De acordo com Viviane Brito Rebello, juíza coordenadora do Núcleo de Sustentabilidade do TJMT, essas ações refletem os valores da atual gestão do Poder Judiciário mato-grossense. “A sustentabilidade é um dos nossos valores do planejamento estratégico e a atual gestão tem um olhar especial em relação a isso, tanto que nós já estruturamos desde o início o Núcleo de Sustentabilidade para que ele possa atuar junto a todas as áreas, visando esse novo modo de fazer as coisas, sempre com foco na sustentabilidade, em pensar desde uma simples compra até o descarte do que é comprado, de que maneira isso pode ser feito seguindo critérios de sustentabilidade. E a instalação dessas usinas fotovoltaicas faz parte de todo esse olhar sustentável para que nós consigamos trazer para o Poder Judiciário um agir e um atuar sempre com essa visão da sustentabilidade, do planeta, do ser humano”.

Assessoria/Carlos Augusto

Fóruns, energia solar

 

Comarcas do interior – De acordo com o engenheiro eletricista da Coordenadoria de Infraestrutura do TJMT, Floravante Neto, outras 19 comarcas também serão contempladas com energia solar.

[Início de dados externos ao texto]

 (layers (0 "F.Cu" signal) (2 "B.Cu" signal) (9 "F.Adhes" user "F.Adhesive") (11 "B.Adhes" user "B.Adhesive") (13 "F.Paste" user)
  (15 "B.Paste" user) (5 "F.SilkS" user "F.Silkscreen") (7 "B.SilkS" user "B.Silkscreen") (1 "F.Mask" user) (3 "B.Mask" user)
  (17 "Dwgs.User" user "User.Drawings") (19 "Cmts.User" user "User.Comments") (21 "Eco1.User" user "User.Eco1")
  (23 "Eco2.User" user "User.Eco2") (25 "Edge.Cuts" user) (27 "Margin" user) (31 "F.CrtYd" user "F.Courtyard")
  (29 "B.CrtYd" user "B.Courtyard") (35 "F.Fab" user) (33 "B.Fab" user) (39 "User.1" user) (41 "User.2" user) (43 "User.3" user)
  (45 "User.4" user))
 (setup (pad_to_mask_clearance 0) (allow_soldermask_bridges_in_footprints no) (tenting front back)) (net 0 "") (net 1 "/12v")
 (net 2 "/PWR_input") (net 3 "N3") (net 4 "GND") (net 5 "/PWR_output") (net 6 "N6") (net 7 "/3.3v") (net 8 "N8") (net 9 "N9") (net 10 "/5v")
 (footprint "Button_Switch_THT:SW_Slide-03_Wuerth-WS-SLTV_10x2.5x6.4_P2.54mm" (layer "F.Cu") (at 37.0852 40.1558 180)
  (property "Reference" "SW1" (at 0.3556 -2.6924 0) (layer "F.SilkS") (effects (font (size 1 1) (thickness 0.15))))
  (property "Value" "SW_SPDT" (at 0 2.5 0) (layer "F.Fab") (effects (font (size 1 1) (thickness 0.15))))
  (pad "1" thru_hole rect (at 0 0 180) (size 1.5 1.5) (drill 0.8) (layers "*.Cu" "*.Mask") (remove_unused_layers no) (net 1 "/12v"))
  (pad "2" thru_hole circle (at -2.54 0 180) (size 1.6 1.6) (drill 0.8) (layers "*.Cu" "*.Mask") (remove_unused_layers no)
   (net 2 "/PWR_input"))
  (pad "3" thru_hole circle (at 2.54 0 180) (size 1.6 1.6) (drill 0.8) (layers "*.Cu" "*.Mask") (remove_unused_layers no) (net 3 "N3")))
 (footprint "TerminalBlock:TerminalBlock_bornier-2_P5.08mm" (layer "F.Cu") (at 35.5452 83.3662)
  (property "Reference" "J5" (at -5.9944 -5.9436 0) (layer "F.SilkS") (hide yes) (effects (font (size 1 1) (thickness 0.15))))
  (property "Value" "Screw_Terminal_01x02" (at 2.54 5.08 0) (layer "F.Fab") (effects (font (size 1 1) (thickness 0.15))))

São elas: Aripuanã, Colniza Tapurah, Paranaíta, Cotriguaçu, Vera, Nova Monte Verde, Tabaporã, Nova Canaã do Norte, Nova Ubiratã, Matupá, Campinápolis, Novo São Joaquim, Terra Nova do Norte, Brasnorte, Ribeirão Cascalheira, Porto Esperidão, Sapezal e Querência. “Atualmente o Departamento de Obras está em fase final de projetos, planilhas e quantificações das 19 usinas solares que serão instaladas”, afirma o engenheiro.

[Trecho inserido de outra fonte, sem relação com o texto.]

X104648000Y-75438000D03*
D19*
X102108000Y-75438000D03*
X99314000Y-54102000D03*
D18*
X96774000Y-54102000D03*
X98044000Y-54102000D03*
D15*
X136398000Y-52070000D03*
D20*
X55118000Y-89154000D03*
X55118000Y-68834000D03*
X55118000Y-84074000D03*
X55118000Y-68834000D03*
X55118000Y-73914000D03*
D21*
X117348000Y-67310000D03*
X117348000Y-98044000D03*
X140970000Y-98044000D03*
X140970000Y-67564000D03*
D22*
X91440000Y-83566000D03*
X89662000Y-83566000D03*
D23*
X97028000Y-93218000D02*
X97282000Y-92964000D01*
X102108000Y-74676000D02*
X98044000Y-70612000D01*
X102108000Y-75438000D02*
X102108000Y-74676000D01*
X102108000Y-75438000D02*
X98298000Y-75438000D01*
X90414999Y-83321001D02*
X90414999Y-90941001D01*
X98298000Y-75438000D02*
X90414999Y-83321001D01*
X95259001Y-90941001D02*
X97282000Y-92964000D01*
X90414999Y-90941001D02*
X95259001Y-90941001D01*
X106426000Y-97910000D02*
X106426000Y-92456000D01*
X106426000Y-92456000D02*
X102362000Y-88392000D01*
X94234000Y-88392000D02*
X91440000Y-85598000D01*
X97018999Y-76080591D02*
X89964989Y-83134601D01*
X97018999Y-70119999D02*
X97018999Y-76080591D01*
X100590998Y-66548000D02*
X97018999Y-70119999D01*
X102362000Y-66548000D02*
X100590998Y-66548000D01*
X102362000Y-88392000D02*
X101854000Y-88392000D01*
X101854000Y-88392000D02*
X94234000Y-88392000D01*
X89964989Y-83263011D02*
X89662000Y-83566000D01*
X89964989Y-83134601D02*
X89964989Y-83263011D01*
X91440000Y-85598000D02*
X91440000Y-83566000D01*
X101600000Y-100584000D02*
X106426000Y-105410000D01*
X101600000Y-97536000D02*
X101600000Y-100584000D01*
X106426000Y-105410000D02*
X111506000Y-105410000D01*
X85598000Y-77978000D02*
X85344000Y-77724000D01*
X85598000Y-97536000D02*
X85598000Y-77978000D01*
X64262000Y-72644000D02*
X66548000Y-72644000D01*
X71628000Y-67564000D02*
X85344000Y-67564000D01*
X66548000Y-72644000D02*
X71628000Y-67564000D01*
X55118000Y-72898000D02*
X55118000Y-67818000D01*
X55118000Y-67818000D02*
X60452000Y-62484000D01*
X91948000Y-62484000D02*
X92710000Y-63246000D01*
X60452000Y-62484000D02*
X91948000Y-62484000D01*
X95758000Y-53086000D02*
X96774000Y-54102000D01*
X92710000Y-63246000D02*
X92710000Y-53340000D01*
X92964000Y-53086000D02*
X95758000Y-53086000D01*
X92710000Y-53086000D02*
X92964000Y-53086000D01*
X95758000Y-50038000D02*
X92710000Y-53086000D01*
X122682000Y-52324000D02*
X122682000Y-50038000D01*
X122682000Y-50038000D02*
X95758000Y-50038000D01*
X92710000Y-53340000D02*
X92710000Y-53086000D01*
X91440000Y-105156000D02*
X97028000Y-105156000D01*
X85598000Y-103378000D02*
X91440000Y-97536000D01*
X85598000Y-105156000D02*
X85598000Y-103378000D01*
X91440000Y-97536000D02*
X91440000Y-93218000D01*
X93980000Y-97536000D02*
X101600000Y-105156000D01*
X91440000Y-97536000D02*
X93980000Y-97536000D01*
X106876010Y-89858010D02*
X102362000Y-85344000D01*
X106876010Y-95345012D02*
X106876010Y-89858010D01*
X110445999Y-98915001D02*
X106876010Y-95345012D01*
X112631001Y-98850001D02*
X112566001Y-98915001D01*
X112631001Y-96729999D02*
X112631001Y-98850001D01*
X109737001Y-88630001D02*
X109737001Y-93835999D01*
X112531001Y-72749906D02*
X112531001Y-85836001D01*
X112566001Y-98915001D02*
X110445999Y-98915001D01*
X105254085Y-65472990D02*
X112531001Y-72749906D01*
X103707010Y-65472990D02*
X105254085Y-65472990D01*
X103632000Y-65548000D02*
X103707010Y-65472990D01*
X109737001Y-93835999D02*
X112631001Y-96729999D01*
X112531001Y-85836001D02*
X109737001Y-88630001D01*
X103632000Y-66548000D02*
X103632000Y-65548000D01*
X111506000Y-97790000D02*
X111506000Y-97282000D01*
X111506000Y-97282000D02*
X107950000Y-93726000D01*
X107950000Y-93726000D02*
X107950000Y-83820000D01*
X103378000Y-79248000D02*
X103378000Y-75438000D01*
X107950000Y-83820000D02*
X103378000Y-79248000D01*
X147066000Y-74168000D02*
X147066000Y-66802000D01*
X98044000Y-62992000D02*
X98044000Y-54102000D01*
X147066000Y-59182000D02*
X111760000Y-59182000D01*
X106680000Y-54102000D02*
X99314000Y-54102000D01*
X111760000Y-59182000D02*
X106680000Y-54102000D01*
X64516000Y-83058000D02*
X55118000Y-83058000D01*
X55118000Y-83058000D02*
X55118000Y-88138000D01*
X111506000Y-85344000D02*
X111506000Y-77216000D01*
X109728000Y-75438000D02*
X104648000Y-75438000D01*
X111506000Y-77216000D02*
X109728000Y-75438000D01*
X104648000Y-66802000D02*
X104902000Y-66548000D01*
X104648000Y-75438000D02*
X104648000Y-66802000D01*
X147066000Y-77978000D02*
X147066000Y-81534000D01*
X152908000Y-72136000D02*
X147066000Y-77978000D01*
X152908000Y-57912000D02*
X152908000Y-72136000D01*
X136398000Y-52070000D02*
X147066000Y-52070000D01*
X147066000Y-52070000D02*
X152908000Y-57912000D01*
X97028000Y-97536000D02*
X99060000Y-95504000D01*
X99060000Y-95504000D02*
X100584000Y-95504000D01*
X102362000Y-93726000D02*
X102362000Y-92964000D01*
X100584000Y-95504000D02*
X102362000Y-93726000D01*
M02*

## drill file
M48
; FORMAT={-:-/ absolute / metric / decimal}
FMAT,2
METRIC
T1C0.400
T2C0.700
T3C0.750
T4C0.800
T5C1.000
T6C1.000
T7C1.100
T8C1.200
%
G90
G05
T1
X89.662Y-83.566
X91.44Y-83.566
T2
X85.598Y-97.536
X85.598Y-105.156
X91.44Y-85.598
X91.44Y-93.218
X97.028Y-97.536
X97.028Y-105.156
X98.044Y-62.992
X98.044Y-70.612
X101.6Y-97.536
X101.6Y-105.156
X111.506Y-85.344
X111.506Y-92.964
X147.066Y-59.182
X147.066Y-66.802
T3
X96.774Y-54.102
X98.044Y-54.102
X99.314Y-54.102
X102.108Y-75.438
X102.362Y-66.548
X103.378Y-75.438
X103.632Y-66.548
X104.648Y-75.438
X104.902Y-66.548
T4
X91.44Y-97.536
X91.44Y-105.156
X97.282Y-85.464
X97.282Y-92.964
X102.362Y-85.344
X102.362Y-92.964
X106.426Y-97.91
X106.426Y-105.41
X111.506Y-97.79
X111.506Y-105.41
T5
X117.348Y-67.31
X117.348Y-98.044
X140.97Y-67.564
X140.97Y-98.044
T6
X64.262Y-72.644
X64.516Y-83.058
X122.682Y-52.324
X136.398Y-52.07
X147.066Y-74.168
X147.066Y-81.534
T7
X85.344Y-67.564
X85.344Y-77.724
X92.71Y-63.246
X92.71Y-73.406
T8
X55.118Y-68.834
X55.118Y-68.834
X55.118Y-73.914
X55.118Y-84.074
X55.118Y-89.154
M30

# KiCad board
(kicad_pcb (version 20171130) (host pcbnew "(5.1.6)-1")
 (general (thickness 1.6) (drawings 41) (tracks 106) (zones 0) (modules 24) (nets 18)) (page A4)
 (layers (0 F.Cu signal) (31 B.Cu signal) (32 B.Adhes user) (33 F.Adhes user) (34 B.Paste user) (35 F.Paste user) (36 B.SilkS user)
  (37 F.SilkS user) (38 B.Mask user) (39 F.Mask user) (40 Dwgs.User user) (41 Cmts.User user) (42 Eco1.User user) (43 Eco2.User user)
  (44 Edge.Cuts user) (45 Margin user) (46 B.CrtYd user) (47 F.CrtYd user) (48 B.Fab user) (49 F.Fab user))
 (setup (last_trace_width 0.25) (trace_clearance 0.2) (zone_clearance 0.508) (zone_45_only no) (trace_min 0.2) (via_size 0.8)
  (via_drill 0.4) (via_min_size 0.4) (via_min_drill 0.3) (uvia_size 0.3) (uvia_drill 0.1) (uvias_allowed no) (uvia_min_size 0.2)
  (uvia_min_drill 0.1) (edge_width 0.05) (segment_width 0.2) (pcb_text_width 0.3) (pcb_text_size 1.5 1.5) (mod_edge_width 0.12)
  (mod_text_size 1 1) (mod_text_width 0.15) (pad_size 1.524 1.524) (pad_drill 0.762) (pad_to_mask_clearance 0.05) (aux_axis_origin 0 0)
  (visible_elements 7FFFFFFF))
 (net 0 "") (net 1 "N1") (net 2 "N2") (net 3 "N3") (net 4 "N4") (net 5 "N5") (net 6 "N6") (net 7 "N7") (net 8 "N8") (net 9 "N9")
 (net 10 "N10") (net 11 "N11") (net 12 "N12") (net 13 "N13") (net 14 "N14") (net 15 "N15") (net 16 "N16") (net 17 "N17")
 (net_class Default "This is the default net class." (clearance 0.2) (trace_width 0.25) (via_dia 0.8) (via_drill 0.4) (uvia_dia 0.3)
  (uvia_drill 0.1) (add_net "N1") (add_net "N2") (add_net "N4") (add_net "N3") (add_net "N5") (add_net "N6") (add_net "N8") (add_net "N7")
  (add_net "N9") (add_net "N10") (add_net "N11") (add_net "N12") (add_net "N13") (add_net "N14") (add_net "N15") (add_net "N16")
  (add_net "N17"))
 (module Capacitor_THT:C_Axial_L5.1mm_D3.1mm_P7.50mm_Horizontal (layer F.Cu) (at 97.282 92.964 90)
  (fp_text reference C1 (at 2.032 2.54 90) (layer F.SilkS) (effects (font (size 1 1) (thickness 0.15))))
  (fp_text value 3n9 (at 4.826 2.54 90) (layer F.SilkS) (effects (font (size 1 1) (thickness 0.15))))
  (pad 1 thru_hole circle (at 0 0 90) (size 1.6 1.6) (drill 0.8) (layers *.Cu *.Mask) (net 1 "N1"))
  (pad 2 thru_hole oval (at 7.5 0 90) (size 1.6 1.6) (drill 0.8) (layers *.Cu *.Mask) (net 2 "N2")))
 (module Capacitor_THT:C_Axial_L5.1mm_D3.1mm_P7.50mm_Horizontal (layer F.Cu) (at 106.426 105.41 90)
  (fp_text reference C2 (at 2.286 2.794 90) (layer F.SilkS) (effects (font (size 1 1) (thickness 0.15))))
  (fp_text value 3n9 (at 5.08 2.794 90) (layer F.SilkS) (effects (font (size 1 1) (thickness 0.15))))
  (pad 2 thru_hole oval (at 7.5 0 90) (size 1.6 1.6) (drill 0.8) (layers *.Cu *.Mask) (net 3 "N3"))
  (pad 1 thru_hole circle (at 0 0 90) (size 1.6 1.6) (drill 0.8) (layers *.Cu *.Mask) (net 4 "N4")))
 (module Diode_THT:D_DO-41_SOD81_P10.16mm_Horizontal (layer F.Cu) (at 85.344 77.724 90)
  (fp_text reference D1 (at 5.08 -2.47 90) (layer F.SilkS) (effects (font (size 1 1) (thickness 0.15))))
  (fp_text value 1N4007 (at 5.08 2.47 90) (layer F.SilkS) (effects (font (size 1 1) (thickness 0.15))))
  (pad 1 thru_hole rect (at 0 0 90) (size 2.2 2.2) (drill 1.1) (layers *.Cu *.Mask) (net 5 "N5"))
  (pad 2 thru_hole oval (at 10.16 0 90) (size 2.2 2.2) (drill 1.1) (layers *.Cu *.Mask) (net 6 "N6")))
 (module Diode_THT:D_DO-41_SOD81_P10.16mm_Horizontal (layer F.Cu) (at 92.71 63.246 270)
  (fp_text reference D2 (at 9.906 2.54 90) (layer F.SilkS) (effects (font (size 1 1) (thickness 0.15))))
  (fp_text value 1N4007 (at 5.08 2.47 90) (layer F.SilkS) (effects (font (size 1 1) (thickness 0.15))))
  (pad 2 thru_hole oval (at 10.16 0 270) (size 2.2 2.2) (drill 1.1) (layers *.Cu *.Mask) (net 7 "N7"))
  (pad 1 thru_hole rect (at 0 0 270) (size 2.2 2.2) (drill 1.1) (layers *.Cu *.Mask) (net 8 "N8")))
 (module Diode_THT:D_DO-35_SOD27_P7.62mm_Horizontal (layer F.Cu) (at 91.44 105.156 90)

No interior, os fóruns das comarcas de Nova Xavantina e Primavera do Leste, já contam com, respectivamente, 244 e 288 painéis solares.

A assessora do Núcleo de Sustentabilidade do Tribunal de Justiça, Elaine Alonso, destaca que apesar do alto custo das obras realizadas em Cuiabá e Várzea Grande, o investimento deve ser recuperado em seis anos, no máximo, sendo que as usinas têm durabilidade de 25 a 30 anos.

“A gente sabe que é uma implantação de alto custo, mas que, no longo prazo, traz uma economia considerável. O Tribunal tem implantado não só em Cuiabá, mas também nas comarcas do interior para que a gente atinja o máximo possível da nossa autonomia de energia”, afirma.

A servidora pontua ainda que, além do aspecto financeiro, o Poder Judiciário leva em conta também o impacto ambiental. “O Brasil tem como maior fonte de energia as usinas hidrelétricas, que precisam de barragens em rios, que têm que fazer supressão da vegetação. Então, quando a gente fala de energia limpa igual às placas fotovoltaicas, que a gente consegue reaproveitar o espaço de um telhado, não precisa fazer esse impacto na natureza, a gente tem ganhos também no aspecto ambiental. Isso pra gente é bem importante! A gente contabiliza o lado financeiro, mas também pensa muito no impacto ambiental. Fora que a gente não utiliza fontes de carbonos fósseis. Por exemplo, a gente está diminuindo a emissão de gases do efeito estufa quando usa uma energia limpa. Isso ajuda no aspecto das mudanças climáticas, de tudo o que a gente vem sofrendo hoje em dia no planeta”, avalia.

ParaTodosVerem - Esta matéria possui recursos de texto alternativo para promover a inclusão das pessoas com deficiência visual. Foto 1: Imagem aérea das placas solares instaladas nos fundos do fórum de Cuiabá. Foto 2: Imagem aérea que mostra todo o prédio do Fórum de Várzea Grande, com o teto coberto por placas fotovoltaicas.